Пухлый иностранец где-то потерял свою потрёпанную красную кепку и извечную зубастую улыбку. Он бродил по лесу уже три с лишним часа. Как его занесло в русскую глушь, кто ж теперь скажет?
— Hello! Can anyone hear me? Please, I got lost!
Отвечало ему только эхо. Ярко-зелёные глаза смотрели на чужака пронзительно и неприязненно.
— Hello! Hello-o-o! He-e-e-elp!
Лесные птицы уже привыкли к его крикам, с места срывались только самые пугливые. И то ненадолго, делая вид, что им надо поймать мошку.
Пухляк шумно выдохнул, уселся на поваленное дерево. Он совершенно не был приспособлен к долгим походам, не умел обходиться без благ цивилизации, не представлял себе, как искать дорогу назад, когда на экране смартфона горит безжалостное «No signal». Он не знал даже, как позвать на помощь по-русски.
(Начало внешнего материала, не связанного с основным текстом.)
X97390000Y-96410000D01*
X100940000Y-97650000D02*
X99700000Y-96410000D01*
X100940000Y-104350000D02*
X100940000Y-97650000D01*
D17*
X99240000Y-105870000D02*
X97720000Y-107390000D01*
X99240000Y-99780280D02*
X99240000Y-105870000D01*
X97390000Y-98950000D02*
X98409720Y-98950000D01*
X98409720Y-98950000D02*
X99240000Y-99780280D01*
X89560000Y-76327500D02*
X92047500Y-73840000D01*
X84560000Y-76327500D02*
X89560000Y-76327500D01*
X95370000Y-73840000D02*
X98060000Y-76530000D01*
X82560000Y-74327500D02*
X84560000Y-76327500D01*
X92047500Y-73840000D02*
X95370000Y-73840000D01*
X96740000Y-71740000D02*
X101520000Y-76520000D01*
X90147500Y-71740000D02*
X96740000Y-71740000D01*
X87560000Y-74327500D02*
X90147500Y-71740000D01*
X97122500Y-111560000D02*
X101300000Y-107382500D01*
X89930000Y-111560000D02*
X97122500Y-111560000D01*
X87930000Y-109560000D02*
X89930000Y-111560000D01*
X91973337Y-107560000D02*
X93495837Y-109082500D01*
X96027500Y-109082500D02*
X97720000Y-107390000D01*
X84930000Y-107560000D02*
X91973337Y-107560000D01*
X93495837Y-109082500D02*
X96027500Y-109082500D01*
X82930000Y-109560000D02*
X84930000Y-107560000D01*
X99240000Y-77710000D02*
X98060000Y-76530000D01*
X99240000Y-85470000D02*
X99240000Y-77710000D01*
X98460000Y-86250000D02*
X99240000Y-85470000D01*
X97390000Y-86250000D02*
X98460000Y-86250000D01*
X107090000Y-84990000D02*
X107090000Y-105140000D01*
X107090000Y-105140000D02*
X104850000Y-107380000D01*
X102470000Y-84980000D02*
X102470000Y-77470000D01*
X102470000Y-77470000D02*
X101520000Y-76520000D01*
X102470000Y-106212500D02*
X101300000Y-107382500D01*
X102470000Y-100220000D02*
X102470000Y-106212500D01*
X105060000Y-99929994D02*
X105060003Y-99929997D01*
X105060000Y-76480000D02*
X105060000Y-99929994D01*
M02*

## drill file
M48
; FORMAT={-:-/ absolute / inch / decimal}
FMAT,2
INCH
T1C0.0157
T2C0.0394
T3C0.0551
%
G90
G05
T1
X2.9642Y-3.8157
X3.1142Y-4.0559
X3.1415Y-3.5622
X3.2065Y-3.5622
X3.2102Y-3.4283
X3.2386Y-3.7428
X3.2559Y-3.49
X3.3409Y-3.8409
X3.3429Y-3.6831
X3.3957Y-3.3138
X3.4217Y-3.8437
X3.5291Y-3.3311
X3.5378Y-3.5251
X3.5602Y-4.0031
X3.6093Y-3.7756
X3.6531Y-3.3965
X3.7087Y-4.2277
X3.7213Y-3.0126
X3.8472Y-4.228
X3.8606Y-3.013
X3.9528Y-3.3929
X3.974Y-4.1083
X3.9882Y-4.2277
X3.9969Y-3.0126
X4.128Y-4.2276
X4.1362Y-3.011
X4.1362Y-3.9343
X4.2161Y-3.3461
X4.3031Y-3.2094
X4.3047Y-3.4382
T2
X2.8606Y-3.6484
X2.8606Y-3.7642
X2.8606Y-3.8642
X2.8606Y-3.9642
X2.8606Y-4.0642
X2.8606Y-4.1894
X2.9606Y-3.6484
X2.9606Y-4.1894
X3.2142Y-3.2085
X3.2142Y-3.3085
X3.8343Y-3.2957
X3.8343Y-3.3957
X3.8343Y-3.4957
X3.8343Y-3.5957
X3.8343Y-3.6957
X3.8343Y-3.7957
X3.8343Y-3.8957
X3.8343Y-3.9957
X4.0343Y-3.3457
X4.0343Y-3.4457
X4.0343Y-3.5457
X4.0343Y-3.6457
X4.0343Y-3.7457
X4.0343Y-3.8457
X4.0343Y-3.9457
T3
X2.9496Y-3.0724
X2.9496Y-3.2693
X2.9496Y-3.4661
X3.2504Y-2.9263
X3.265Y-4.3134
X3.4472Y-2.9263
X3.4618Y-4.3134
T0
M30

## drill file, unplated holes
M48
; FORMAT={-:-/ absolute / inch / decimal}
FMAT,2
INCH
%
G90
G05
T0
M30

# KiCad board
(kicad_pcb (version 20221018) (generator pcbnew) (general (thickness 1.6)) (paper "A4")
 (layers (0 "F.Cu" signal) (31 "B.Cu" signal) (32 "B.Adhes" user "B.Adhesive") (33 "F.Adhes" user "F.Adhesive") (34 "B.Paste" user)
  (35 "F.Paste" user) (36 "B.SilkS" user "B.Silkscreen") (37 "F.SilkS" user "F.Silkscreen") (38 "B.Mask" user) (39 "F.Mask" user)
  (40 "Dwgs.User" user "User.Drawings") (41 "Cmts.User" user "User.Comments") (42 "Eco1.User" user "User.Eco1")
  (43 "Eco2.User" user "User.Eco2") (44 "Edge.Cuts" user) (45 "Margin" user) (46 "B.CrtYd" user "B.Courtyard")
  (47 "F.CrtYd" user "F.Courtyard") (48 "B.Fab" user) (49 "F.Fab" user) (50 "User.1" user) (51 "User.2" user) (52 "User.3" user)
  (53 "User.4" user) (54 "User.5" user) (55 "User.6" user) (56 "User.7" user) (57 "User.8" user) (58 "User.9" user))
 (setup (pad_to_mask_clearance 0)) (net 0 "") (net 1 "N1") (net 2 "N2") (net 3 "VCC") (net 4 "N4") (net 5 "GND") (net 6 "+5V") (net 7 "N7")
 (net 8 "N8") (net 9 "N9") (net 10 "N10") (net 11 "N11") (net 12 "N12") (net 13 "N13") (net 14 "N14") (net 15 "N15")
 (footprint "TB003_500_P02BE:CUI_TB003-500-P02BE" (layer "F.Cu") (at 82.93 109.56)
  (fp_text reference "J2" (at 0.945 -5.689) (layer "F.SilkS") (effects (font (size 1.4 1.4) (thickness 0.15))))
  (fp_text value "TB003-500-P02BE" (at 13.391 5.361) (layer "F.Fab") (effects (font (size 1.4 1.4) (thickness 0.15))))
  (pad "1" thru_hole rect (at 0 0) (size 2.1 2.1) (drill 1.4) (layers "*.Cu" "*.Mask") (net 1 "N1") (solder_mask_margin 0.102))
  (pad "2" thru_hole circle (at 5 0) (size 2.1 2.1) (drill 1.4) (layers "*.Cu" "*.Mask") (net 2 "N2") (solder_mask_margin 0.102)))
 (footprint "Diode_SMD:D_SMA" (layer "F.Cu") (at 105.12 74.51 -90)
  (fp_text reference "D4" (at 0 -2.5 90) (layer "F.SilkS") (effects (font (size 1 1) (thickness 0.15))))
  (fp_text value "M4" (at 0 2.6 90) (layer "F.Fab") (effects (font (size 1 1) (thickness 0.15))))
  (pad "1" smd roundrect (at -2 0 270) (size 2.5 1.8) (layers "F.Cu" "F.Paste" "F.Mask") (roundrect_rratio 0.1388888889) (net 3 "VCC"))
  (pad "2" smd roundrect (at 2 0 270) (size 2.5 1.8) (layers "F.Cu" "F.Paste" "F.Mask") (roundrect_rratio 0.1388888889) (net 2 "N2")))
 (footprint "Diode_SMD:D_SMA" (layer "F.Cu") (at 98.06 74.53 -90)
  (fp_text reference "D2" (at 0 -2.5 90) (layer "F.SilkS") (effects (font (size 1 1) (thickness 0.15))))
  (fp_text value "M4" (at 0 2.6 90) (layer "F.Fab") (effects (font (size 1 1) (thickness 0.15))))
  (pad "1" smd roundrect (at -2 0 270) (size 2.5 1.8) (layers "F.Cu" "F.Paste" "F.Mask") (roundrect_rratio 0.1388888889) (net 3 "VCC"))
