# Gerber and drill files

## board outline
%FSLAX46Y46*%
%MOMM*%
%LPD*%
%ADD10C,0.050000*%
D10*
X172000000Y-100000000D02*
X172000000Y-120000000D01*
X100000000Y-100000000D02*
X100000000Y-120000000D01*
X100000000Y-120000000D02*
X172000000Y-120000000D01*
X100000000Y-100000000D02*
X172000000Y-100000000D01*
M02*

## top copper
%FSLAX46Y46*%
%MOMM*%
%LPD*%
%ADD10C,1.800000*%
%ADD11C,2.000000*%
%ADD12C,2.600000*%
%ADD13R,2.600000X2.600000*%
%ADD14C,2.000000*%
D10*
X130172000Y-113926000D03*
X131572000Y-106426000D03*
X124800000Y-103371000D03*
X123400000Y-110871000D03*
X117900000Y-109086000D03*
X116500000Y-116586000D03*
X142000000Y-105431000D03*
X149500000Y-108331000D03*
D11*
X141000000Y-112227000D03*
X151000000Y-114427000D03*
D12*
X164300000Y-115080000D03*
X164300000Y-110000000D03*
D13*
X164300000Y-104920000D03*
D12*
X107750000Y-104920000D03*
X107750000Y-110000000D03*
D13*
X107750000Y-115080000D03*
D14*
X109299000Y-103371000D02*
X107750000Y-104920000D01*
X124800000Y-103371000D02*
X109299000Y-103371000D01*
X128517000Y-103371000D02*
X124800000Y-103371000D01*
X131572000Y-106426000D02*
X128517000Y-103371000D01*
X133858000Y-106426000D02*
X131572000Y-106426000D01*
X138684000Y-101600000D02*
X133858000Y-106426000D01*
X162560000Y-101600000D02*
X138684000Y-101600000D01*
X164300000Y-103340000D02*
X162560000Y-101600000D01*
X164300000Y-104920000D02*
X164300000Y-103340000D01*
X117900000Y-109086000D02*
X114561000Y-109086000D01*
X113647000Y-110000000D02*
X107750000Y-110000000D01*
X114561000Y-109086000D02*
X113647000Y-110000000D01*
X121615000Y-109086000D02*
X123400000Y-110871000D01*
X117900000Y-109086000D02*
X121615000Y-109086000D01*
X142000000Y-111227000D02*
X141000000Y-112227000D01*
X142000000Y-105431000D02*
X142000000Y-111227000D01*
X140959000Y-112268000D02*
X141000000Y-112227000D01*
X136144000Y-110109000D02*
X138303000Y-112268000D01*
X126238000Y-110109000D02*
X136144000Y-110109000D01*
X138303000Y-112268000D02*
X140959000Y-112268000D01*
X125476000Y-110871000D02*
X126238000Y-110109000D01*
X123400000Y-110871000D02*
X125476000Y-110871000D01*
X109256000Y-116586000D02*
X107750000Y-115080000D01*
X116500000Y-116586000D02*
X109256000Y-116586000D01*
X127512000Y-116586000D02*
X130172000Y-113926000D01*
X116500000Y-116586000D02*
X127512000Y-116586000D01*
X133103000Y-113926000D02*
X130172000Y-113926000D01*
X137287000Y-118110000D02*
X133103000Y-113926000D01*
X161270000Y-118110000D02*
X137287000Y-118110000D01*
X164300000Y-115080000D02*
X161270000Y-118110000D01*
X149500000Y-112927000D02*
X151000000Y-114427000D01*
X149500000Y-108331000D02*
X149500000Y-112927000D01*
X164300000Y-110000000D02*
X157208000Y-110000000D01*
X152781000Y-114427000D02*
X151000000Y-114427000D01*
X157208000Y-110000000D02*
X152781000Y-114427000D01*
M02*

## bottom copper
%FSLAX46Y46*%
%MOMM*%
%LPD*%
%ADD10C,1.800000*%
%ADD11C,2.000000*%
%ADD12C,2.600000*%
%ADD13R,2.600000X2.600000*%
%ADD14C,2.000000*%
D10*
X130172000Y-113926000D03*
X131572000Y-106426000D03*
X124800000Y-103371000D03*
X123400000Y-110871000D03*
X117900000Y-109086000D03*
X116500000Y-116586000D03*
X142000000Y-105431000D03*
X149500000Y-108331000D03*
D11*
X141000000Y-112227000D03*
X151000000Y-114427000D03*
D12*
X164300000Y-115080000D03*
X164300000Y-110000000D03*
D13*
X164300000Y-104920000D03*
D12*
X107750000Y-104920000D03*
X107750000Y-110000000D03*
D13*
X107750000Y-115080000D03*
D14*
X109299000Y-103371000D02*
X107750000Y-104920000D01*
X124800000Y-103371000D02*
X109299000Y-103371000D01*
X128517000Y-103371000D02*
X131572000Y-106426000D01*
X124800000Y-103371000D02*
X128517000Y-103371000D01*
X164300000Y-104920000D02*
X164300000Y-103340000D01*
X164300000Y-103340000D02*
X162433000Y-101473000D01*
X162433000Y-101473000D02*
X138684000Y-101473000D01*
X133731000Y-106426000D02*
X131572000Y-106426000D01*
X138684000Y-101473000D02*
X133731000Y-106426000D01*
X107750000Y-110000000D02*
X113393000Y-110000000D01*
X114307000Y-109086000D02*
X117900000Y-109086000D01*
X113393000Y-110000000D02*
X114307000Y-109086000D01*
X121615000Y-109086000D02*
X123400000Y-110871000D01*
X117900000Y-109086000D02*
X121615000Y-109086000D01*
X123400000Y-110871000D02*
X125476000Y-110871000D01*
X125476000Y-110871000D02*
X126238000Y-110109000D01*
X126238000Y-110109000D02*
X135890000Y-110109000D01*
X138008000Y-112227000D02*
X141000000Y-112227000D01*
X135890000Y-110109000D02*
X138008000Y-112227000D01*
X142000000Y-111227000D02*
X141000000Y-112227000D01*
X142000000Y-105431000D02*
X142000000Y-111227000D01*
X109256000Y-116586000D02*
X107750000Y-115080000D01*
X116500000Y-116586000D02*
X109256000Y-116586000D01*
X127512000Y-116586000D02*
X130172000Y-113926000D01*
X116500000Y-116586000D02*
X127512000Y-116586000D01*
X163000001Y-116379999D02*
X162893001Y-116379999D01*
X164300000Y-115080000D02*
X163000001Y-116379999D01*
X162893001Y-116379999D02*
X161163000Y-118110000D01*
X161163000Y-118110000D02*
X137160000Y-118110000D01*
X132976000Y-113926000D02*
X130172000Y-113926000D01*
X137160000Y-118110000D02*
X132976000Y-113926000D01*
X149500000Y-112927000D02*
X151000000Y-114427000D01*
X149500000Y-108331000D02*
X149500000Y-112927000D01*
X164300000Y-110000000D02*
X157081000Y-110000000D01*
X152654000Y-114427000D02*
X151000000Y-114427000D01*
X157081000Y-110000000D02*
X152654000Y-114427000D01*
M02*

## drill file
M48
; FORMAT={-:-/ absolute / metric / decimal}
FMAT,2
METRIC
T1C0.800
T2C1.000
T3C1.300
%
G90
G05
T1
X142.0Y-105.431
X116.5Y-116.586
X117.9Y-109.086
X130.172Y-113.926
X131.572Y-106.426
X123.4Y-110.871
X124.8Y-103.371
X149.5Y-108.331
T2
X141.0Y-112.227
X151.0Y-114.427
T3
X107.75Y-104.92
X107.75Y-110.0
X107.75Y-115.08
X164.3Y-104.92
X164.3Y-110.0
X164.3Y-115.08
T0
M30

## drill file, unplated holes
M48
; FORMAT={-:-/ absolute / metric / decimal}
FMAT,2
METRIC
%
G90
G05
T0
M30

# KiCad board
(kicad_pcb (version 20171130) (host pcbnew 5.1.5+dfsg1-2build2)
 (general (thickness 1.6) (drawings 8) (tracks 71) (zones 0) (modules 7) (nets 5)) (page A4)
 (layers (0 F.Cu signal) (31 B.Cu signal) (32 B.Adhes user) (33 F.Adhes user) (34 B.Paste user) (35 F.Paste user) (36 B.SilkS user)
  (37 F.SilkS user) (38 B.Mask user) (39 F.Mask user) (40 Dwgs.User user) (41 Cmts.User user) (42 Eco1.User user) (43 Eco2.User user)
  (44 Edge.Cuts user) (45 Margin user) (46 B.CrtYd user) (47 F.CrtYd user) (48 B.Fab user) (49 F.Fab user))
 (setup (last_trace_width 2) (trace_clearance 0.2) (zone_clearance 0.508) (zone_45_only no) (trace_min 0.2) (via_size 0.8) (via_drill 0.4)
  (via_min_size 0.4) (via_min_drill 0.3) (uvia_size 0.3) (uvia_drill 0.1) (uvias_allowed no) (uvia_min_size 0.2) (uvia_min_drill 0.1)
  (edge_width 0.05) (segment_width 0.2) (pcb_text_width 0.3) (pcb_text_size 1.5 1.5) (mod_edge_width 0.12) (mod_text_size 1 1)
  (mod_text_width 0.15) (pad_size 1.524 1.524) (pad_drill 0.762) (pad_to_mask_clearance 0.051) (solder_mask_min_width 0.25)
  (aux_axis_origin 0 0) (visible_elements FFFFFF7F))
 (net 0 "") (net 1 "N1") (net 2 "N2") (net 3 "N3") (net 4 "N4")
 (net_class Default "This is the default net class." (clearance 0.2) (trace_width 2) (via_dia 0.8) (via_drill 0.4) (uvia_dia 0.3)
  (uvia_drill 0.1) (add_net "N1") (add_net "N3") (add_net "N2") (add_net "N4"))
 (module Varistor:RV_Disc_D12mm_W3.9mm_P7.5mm (layer F.Cu) (at 131.572 106.426 270)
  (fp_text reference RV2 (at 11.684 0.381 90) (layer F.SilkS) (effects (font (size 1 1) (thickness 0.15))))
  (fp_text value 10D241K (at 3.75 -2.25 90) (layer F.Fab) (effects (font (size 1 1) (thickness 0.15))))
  (pad 2 thru_hole circle (at 7.5 1.4 270) (size 1.8 1.8) (drill 0.8) (layers *.Cu *.Mask) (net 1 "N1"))
  (pad 1 thru_hole circle (at 0 0 270) (size 1.8 1.8) (drill 0.8) (layers *.Cu *.Mask) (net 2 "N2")))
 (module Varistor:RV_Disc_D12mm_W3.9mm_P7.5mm (layer F.Cu) (at 123.4 110.871 90)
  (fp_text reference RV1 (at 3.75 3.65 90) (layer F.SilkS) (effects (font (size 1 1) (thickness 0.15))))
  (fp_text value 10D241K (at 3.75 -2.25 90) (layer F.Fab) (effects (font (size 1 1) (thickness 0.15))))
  (pad 2 thru_hole circle (at 7.5 1.4 90) (size 1.8 1.8) (drill 0.8) (layers *.Cu *.Mask) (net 2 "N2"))
  (pad 1 thru_hole circle (at 0 0 90) (size 1.8 1.8) (drill 0.8) (layers *.Cu *.Mask) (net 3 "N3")))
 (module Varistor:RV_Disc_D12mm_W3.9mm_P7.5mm (layer F.Cu) (at 116.5 116.586 90)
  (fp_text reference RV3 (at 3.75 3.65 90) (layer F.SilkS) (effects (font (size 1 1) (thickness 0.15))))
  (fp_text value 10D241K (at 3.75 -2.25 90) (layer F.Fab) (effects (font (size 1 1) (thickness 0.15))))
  (pad 2 thru_hole circle (at 7.5 1.4 90) (size 1.8 1.8) (drill 0.8) (layers *.Cu *.Mask) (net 3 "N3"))
  (pad 1 thru_hole circle (at 0 0 90) (size 1.8 1.8) (drill 0.8) (layers *.Cu *.Mask) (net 1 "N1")))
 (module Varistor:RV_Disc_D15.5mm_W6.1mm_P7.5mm (layer F.Cu) (at 149.5 108.331 180)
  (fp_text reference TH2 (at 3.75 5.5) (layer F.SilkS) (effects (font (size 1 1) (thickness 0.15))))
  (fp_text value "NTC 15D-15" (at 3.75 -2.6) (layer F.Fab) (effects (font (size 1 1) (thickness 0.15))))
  (pad 2 thru_hole circle (at 7.5 2.9 180) (size 1.8 1.8) (drill 0.8) (layers *.Cu *.Mask) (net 3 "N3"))
  (pad 1 thru_hole circle (at 0 0 180) (size 1.8 1.8) (drill 0.8) (layers *.Cu *.Mask) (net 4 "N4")))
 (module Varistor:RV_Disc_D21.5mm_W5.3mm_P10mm (layer F.Cu) (at 151 114.427 180)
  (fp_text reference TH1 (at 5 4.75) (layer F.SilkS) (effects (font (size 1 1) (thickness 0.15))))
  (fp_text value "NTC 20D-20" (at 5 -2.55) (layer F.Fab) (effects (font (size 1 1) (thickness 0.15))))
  (pad 2 thru_hole circle (at 10 2.2 180) (size 2 2) (drill 1) (layers *.Cu *.Mask) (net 3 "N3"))
  (pad 1 thru_hole circle (at 0 0 180) (size 2 2) (drill 1) (layers *.Cu *.Mask) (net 4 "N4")))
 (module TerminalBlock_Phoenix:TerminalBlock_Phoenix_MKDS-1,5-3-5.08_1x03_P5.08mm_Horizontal (layer F.Cu) (at 164.3 104.92 270)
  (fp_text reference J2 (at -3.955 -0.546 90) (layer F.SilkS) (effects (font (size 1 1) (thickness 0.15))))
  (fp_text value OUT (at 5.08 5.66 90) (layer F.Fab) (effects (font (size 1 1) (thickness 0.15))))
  (pad 3 thru_hole circle (at 10.16 0 270) (size 2.6 2.6) (drill 1.3) (layers *.Cu *.Mask) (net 1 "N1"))
  (pad 2 thru_hole circle (at 5.08 0 270) (size 2.6 2.6) (drill 1.3) (layers *.Cu *.Mask) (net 4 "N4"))
  (pad 1 thru_hole rect (at 0 0 270) (size 2.6 2.6) (drill 1.3) (layers *.Cu *.Mask) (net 2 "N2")))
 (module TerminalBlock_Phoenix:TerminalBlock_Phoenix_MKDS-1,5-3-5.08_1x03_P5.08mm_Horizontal (layer F.Cu) (at 107.75 115.08 90)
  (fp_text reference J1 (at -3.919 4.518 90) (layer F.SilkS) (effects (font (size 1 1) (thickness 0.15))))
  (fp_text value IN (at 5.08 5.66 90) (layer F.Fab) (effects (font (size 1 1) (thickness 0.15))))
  (pad 3 thru_hole circle (at 10.16 0 90) (size 2.6 2.6) (drill 1.3) (layers *.Cu *.Mask) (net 2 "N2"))
  (pad 2 thru_hole circle (at 5.08 0 90) (size 2.6 2.6) (drill 1.3) (layers *.Cu *.Mask) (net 3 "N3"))
  (pad 1 thru_hole rect (at 0 0 90) (size 2.6 2.6) (drill 1.3) (layers *.Cu *.Mask) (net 1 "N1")))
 (gr_line (start 172 100) (end 172 120) (layer Edge.Cuts) (width 0.05))
 (gr_line (start 100 100) (end 100 120) (layer Edge.Cuts) (width 0.05))
 (gr_line (start 100 120) (end 172 120) (layer Edge.Cuts) (width 0.05))
 (gr_line (start 100 100) (end 172 100) (layer Edge.Cuts) (width 0.05))
 (segment (start 109.299 103.371) (end 107.75 104.92) (width 2) (layer F.Cu) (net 2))
 (segment (start 124.8 103.371) (end 109.299 103.371) (width 2) (layer F.Cu) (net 2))
 (segment (start 128.517 103.371) (end 124.8 103.371) (width 2) (layer F.Cu) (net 2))
 (segment (start 131.572 106.426) (end 128.517 103.371) (width 2) (layer F.Cu) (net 2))
 (segment (start 133.858 106.426) (end 131.572 106.426) (width 2) (layer F.Cu) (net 2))
 (segment (start 138.684 101.6) (end 133.858 106.426) (width 2) (layer F.Cu) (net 2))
Иностранец всхлипнул и начал что-то бормотать себе под нос. Явно что-то из серии «Какой же я идиот, кто меня тащил в эту распроклятую Россию к коммунистам и медведям? Бедный я, несчастный, как мне плохо, никто меня не любит, вот лягу тут и умру, и никто же даже не заплачет…» Ну и дальше в том же духе.
— Hello-o-o-o-o-o-o-o-o-o!!! — завопил интурист дурным голосом, и волки, дремавшие в своём логове неподалёку, даже подумали, не поддержать ли его, — но потом решили, что на сытый желудок никакого вдохновения нет.
— Хелоу, — вдруг послышалось откуда-то слева. Вроде бы, не эхо.
Иностранец заозирался, вознёс хвалу небесам и, хохоча, снова принялся звать:
— Help! Oh, thank God, I’m saved! I’m here! Hello!
— Хелоу, хелоу, — повторило не-эхо, отдаляясь.
— Please, don’t go! I’m coming…
Задыхаясь и спотыкаясь, турист побежал на звук. Фотоаппарат бил его по рыхлому пузу, кеды скользили по корягам, но смотреть под ноги было некогда: кажется, где-то впереди он заметил человеческий силуэт.
— Hello! Hey! Please, wait! I’m tired, I can’t run so fast!
Что-то мелькало за деревьями, близко, но не разглядишь. Пузан увлёкся погоней и пал жертвой очередной коряги. На этот раз он полетел кубарем, и летел сравнительно долго и до ужаса больно, а потом плюхнулся в густую жижу.
Интурист никогда не мог подумать, что так глупо погибнет в этой далёкой и дикой стране. В первую секунду он боялся за фотоаппарат. В первые минуты он боялся пиявок. Потом он просто бултыхался, глотал бурую воду и вспоминал все известные молитвы. Не помогло.
* * *
— Ноги! — строго сказала Авдотья, не оборачиваясь встретить мужа. Как она узнала?
Леший, будто нашкодивший школьник, принялся терзать половик у входа в берложку. Ноги у Пафнутия были большие и волосатые, прямо как у низкорослых чудиков, которых, дымя трубкой, придумал какой-то заморский грамотей. Откуда Пафнутий прослышал про этих чудиков? Если б вы знали, сколько леса попортила молодёжь, играя в них и ещё других, ушастых, то не задавали бы глупых вопросов.
— Опять с водяным в карты резался? — лешачиха так и не обернулась, но выражение спины у неё было очень сердитое.
— Почему сразу с водяным?
— Тиной пахнешь, грязи сколько нанёс и морда довольная. Ну? Где был?
Авдотья постучала ложкой-мешалкой по краю котла. Пафнутий вспомнил, что он с обеда не обедавши и заурчал животом.
— Где был, где был. Туриста топил.
Авдотья разом подобрела. Даже дала себя приобнять за мягкие бочка.
— Туриста?
— Ага. И не простого, а иностранного. А ты сразу с водяным, сразу резался!..
Он скорчил обиженную мину, и лешачиха пошла на мировую:
— Ну будет, будет. Иностранного, говоришь?
— Самого что ни на есть! С фотоаппаратом, — гордо ответствовал Пафнутий и выудил из котла жирную жабью лапку.
Авдотья только снисходительно улыбнулась.
— А за что утопил-то?
— А что он всё хелоу, да хелоу? Нет бы аукать, как нормальные люди!
И захрустел жабьими косточками. Знатное вышло у Авдотьи хлёбово.